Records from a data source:
....................

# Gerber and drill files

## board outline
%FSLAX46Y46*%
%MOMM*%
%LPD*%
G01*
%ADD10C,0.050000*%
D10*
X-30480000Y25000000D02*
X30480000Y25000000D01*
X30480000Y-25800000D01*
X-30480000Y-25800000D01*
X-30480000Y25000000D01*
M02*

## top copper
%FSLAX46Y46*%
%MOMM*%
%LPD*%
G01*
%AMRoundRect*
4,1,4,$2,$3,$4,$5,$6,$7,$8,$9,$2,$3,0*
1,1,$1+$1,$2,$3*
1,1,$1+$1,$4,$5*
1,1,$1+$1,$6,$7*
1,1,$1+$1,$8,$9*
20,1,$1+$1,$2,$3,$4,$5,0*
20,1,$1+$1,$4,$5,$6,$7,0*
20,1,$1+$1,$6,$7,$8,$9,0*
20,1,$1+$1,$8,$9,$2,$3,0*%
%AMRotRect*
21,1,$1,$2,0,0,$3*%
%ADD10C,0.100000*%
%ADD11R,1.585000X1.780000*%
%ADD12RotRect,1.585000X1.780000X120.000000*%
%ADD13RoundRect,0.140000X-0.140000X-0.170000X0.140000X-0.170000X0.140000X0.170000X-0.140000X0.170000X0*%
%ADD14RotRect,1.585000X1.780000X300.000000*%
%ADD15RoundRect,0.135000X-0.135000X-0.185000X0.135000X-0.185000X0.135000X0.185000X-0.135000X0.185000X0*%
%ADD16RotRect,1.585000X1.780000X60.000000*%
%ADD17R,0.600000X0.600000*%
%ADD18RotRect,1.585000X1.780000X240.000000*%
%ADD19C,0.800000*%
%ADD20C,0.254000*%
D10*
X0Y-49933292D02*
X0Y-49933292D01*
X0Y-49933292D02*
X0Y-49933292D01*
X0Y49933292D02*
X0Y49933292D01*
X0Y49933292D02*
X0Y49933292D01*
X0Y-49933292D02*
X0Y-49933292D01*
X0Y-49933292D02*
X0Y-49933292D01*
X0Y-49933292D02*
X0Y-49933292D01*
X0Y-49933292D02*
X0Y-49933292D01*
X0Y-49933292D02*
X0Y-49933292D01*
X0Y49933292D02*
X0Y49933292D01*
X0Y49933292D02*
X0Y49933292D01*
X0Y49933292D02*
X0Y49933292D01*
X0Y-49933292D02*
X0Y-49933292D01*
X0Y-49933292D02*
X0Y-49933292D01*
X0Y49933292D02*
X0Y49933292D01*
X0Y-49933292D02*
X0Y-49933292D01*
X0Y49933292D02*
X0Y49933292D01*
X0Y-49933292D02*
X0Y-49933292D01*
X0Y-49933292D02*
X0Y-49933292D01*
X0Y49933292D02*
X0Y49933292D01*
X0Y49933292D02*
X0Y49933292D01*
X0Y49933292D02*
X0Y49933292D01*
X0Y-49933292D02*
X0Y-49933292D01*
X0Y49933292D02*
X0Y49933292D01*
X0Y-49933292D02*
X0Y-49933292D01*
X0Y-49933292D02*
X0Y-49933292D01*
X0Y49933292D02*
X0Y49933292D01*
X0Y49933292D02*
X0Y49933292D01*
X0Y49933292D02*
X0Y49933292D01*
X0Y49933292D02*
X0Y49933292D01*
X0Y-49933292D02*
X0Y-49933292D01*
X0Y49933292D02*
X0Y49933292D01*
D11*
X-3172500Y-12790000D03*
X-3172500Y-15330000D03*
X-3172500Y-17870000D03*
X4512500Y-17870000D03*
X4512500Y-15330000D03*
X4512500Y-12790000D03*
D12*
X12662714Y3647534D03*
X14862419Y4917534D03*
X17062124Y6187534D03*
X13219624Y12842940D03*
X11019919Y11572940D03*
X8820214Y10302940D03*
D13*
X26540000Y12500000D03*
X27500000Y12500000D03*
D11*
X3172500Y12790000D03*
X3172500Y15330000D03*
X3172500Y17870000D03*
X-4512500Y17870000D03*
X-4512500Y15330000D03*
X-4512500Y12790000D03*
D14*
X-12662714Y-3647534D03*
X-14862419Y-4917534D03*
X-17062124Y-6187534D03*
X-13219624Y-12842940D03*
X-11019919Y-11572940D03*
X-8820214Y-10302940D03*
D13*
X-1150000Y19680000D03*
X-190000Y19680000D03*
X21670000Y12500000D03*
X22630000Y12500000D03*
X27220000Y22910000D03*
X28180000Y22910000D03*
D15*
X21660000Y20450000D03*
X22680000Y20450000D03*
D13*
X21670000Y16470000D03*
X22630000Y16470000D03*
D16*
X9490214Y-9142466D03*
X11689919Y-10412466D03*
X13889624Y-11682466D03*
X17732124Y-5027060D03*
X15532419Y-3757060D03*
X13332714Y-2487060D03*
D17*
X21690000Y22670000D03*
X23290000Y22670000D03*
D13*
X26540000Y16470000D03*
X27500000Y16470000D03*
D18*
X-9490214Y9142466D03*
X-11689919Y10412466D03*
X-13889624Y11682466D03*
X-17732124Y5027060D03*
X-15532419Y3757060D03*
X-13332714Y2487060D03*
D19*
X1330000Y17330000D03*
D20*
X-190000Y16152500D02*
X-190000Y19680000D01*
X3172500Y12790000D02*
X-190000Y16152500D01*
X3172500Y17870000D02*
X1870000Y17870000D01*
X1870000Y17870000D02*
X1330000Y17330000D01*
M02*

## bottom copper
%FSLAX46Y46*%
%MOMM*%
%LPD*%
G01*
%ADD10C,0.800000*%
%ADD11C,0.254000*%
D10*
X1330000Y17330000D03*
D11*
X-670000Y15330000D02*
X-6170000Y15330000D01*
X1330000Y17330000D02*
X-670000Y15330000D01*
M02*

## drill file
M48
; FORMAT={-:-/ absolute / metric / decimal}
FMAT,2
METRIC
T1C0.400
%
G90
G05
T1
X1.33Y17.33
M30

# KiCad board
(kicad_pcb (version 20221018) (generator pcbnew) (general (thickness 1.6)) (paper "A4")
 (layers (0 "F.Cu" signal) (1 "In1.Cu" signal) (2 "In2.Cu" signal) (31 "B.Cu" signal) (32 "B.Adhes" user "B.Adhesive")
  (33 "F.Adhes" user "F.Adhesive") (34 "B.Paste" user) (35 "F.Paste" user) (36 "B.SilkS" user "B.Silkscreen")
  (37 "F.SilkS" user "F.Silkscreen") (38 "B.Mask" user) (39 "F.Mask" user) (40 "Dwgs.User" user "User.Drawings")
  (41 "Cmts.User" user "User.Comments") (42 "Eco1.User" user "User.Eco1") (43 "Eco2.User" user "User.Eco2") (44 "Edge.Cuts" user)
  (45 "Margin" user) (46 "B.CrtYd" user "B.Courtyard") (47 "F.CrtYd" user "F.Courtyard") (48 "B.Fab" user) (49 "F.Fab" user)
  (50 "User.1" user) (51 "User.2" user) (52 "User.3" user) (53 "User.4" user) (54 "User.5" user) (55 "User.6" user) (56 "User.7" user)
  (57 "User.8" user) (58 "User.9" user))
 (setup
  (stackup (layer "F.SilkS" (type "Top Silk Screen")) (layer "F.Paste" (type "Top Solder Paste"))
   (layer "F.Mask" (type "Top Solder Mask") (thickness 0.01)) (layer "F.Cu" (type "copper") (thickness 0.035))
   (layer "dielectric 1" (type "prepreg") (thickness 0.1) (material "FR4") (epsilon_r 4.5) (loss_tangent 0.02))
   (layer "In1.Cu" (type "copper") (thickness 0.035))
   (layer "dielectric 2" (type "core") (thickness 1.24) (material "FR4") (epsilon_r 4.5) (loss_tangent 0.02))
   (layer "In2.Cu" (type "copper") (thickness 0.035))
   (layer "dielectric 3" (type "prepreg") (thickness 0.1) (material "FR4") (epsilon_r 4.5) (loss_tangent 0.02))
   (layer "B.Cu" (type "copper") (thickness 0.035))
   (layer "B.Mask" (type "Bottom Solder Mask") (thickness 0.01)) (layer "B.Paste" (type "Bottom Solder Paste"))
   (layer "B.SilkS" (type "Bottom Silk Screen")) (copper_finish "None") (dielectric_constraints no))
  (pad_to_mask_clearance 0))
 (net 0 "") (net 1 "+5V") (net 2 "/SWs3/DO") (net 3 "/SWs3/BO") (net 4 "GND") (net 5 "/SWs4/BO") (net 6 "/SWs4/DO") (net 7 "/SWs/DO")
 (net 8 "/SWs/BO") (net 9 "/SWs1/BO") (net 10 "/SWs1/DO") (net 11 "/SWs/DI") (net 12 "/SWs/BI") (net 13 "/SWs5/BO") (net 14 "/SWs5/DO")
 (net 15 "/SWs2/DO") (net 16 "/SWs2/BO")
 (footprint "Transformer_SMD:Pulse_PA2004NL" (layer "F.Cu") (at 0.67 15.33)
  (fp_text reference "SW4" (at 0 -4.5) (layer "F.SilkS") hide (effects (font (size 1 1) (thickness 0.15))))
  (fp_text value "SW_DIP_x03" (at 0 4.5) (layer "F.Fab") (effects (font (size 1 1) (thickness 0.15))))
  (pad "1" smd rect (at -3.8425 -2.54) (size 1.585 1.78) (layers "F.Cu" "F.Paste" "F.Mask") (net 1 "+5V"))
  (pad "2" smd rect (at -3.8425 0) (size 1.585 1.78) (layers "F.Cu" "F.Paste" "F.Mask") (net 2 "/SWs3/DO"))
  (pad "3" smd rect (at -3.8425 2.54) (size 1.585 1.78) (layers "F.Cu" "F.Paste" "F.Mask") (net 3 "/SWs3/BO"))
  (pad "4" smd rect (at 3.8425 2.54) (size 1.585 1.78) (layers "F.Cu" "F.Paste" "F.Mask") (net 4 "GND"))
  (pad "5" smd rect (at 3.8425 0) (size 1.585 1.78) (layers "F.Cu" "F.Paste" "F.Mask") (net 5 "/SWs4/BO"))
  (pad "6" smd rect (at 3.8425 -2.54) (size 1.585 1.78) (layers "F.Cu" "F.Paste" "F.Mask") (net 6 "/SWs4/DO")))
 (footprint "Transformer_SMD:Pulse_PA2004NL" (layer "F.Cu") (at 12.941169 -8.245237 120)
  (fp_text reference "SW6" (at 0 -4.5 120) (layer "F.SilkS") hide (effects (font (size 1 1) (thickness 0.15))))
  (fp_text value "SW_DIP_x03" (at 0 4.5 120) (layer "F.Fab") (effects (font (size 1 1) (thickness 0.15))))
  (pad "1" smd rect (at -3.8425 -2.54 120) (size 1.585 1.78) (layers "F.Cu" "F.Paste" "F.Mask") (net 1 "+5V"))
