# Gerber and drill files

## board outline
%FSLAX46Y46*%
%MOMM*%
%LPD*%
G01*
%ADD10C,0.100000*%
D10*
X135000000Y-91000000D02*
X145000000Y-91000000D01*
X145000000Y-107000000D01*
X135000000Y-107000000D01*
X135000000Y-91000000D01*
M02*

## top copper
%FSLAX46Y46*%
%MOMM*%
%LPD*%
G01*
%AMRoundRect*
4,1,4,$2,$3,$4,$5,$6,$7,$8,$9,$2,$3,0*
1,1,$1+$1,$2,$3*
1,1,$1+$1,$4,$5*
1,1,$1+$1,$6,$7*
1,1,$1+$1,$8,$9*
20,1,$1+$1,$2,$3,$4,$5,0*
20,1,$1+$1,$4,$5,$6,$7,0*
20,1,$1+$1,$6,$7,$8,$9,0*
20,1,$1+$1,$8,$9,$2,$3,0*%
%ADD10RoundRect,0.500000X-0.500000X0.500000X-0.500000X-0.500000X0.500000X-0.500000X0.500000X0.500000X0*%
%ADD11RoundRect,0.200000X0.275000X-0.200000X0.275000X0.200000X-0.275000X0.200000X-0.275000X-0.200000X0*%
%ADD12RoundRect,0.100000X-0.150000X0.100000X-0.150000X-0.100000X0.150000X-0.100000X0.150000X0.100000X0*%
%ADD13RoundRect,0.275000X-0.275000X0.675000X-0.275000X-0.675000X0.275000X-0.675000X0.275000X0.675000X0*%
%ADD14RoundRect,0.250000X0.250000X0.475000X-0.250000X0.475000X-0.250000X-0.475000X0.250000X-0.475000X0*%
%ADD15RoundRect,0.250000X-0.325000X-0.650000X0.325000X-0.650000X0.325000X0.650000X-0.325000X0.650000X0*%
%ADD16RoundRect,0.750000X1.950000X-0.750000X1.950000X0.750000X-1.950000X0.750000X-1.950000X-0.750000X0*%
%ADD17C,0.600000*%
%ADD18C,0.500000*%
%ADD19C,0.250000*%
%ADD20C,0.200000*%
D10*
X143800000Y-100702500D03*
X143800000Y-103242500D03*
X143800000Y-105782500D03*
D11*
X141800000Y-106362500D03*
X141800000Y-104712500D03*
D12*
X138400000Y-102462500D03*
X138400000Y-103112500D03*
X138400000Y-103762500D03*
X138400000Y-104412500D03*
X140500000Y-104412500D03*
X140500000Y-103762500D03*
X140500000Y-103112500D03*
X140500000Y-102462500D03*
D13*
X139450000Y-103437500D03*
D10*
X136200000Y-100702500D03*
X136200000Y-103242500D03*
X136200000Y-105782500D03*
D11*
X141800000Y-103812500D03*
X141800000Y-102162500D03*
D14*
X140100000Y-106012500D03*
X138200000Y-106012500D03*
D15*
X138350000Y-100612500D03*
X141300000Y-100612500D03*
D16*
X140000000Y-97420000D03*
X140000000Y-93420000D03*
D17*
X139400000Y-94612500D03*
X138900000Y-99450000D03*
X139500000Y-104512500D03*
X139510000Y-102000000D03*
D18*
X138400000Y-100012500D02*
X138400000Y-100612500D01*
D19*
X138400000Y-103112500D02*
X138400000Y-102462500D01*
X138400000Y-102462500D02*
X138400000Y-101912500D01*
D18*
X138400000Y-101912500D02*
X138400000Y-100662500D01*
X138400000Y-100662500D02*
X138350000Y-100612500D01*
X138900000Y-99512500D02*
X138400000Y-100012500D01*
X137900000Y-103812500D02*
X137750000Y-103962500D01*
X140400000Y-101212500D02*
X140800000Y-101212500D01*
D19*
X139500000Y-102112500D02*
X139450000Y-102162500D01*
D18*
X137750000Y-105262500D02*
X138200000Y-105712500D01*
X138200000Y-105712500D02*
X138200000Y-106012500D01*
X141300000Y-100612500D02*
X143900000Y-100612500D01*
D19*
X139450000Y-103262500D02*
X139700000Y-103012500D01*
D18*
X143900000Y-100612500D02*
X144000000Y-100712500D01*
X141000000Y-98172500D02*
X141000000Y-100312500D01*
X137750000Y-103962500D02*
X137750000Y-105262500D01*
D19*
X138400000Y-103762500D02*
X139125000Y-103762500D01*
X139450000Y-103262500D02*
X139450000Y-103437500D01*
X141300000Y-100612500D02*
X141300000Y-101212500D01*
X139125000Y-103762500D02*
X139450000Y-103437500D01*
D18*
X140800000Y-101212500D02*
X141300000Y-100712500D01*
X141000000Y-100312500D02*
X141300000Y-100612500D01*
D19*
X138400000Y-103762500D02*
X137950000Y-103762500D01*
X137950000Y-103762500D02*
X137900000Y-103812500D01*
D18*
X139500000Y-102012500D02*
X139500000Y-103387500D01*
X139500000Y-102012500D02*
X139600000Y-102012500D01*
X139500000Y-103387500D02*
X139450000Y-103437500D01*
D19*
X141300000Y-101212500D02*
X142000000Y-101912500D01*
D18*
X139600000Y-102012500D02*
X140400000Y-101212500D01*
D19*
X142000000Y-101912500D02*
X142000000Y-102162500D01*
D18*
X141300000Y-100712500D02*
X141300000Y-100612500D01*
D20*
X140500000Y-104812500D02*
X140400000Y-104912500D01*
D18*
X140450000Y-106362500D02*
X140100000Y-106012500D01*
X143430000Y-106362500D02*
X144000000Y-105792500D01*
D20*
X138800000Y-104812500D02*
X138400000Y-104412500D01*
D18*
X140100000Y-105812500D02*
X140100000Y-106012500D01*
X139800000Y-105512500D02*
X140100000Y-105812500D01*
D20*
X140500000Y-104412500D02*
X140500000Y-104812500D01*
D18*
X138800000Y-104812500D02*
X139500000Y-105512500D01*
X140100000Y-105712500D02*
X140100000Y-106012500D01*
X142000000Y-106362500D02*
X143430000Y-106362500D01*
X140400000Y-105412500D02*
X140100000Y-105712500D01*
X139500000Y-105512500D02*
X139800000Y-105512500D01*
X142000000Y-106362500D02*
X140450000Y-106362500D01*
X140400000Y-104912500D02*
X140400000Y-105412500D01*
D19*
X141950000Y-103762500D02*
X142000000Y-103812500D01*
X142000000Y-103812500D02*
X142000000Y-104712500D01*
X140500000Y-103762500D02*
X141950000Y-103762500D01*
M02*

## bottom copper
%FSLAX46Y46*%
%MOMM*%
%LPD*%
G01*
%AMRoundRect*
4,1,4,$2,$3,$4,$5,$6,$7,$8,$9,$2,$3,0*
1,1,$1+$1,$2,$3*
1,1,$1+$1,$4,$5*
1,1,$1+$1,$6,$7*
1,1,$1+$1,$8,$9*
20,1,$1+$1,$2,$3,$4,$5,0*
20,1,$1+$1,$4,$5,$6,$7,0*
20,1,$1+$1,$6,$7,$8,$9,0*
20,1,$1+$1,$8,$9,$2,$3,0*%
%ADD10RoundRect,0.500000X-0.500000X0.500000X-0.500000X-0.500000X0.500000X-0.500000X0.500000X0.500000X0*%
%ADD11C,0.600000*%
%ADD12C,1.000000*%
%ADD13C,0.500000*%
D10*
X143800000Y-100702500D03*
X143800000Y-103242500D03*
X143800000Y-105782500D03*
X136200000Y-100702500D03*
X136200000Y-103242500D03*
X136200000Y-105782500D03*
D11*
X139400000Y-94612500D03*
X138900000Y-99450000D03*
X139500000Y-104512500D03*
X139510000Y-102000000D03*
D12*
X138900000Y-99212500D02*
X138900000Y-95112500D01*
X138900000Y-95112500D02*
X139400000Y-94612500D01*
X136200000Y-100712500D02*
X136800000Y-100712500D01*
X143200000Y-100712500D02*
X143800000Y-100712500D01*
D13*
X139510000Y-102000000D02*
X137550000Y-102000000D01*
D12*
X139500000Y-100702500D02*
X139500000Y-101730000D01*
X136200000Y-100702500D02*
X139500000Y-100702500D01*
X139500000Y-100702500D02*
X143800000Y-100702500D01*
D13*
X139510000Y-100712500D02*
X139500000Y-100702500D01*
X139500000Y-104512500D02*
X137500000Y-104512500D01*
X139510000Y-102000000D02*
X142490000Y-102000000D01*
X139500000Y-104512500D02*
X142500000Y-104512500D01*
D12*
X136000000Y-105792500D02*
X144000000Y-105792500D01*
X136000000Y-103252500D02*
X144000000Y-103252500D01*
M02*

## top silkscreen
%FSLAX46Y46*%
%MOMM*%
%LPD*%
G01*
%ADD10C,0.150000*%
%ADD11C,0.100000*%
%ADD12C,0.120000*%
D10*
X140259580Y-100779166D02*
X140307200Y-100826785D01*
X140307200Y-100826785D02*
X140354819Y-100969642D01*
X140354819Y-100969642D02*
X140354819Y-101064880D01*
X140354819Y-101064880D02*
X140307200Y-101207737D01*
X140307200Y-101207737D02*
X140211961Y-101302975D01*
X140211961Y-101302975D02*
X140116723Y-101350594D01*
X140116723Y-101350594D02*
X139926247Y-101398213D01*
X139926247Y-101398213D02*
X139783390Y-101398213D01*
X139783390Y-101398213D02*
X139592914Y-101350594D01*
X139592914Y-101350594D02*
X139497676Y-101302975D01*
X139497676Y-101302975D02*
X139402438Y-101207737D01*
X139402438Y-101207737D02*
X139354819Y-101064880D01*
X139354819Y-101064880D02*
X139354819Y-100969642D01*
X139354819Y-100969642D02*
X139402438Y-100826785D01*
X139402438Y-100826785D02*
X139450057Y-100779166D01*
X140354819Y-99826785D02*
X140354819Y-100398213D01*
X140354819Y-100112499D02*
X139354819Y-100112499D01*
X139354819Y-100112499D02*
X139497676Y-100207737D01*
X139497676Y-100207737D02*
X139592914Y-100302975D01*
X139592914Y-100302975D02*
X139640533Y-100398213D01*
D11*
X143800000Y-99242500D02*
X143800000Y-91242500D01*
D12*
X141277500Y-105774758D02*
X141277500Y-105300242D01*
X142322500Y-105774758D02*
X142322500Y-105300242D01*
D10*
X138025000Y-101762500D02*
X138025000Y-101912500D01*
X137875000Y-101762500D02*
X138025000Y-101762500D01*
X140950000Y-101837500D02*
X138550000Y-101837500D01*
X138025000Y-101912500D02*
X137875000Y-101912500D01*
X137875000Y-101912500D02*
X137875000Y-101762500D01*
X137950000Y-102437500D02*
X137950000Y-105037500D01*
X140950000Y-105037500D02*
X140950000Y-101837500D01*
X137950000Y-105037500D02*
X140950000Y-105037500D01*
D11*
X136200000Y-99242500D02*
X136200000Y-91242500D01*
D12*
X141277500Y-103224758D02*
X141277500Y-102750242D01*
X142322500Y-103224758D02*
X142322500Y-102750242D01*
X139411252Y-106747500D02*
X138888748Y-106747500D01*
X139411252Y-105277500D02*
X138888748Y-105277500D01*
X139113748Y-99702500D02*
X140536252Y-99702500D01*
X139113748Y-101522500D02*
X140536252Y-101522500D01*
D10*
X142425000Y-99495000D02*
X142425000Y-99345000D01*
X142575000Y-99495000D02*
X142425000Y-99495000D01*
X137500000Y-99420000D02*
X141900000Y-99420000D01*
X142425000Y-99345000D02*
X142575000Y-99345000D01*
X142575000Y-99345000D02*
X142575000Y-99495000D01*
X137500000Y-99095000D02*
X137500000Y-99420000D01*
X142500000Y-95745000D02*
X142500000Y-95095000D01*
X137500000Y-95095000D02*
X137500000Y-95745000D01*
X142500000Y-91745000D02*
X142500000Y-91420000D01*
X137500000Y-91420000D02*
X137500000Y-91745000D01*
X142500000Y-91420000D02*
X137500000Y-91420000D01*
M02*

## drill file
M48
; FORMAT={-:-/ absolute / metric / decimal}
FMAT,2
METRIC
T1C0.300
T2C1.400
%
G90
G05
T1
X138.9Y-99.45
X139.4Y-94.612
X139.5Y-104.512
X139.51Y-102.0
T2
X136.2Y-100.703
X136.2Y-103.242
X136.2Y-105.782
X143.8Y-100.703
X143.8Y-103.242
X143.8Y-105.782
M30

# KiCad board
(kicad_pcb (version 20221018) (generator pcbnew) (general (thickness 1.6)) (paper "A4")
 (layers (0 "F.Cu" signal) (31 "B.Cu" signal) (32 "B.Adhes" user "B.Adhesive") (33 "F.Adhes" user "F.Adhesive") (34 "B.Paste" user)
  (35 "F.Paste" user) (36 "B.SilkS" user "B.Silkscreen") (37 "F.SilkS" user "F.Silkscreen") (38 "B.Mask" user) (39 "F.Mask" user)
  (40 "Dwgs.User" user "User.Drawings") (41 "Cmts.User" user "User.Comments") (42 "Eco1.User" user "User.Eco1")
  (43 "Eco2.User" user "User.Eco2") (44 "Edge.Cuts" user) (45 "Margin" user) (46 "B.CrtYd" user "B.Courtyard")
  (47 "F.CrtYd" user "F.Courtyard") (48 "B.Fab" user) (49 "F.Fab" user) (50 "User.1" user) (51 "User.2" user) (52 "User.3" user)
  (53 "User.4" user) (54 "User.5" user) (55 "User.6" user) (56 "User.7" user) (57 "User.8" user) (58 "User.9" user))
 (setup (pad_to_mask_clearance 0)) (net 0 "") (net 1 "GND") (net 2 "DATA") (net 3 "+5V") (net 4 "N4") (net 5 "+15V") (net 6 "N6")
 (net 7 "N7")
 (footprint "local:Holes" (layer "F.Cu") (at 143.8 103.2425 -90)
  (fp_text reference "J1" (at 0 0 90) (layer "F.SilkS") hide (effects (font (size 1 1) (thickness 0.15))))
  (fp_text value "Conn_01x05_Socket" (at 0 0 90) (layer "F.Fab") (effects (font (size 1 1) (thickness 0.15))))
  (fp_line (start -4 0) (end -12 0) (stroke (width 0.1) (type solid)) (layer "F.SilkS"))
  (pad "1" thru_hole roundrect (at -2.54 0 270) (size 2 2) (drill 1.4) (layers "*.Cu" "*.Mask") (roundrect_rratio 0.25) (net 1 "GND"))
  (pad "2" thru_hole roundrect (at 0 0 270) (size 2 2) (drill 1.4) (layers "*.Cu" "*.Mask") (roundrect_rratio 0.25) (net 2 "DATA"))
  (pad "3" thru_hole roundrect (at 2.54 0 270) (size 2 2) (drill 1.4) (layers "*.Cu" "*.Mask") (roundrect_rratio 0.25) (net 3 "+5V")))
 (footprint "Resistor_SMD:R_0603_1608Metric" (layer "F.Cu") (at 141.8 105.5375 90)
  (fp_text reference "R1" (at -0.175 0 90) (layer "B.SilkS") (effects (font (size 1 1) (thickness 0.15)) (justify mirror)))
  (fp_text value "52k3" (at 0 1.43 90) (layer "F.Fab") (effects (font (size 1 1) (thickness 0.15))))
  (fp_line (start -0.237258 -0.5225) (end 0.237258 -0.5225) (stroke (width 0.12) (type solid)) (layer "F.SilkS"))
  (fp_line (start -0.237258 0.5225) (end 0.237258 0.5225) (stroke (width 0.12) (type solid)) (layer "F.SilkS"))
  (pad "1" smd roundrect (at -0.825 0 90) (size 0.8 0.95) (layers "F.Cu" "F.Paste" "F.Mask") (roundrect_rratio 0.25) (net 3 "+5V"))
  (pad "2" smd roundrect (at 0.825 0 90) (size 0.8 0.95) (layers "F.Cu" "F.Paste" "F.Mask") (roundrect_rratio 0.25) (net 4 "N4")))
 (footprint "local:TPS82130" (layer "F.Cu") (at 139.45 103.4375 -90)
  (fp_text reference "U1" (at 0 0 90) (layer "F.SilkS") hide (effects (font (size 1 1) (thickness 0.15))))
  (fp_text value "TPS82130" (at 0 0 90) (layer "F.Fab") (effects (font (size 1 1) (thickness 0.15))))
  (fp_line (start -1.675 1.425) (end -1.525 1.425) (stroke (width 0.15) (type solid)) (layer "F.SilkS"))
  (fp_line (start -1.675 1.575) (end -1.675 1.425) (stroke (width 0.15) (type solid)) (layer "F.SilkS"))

....................

_ASSIGNMENT_:
Reproduce exactly the section above that begins at the line containing "X139497676Y-101302975D02*" and ends at the line containing "X142322500Y-103224758D02*", leaving out all other lines.

_SOLUTION FOR THIS TASK_:
X139497676Y-101302975D02*
X139402438Y-101207737D01*
X139402438Y-101207737D02*
X139354819Y-101064880D01*
X139354819Y-101064880D02*
X139354819Y-100969642D01*
X139354819Y-100969642D02*
X139402438Y-100826785D01*
X139402438Y-100826785D02*
X139450057Y-100779166D01*
X140354819Y-99826785D02*
X140354819Y-100398213D01*
X140354819Y-100112499D02*
X139354819Y-100112499D01*
X139354819Y-100112499D02*
X139497676Y-100207737D01*
X139497676Y-100207737D02*
X139592914Y-100302975D01*
X139592914Y-100302975D02*
X139640533Y-100398213D01*
D11*
X143800000Y-99242500D02*
X143800000Y-91242500D01*
D12*
X141277500Y-105774758D02*
X141277500Y-105300242D01*
X142322500Y-105774758D02*
X142322500Y-105300242D01*
D10*
X138025000Y-101762500D02*
X138025000Y-101912500D01*
X137875000Y-101762500D02*
X138025000Y-101762500D01*
X140950000Y-101837500D02*
X138550000Y-101837500D01*
X138025000Y-101912500D02*
X137875000Y-101912500D01*
X137875000Y-101912500D02*
X137875000Y-101762500D01*
X137950000Y-102437500D02*
X137950000Y-105037500D01*
X140950000Y-105037500D02*
X140950000Y-101837500D01*
X137950000Y-105037500D02*
X140950000Y-105037500D01*
D11*
X136200000Y-99242500D02*
X136200000Y-91242500D01*
D12*
X141277500Y-103224758D02*
X141277500Y-102750242D01*
X142322500Y-103224758D02*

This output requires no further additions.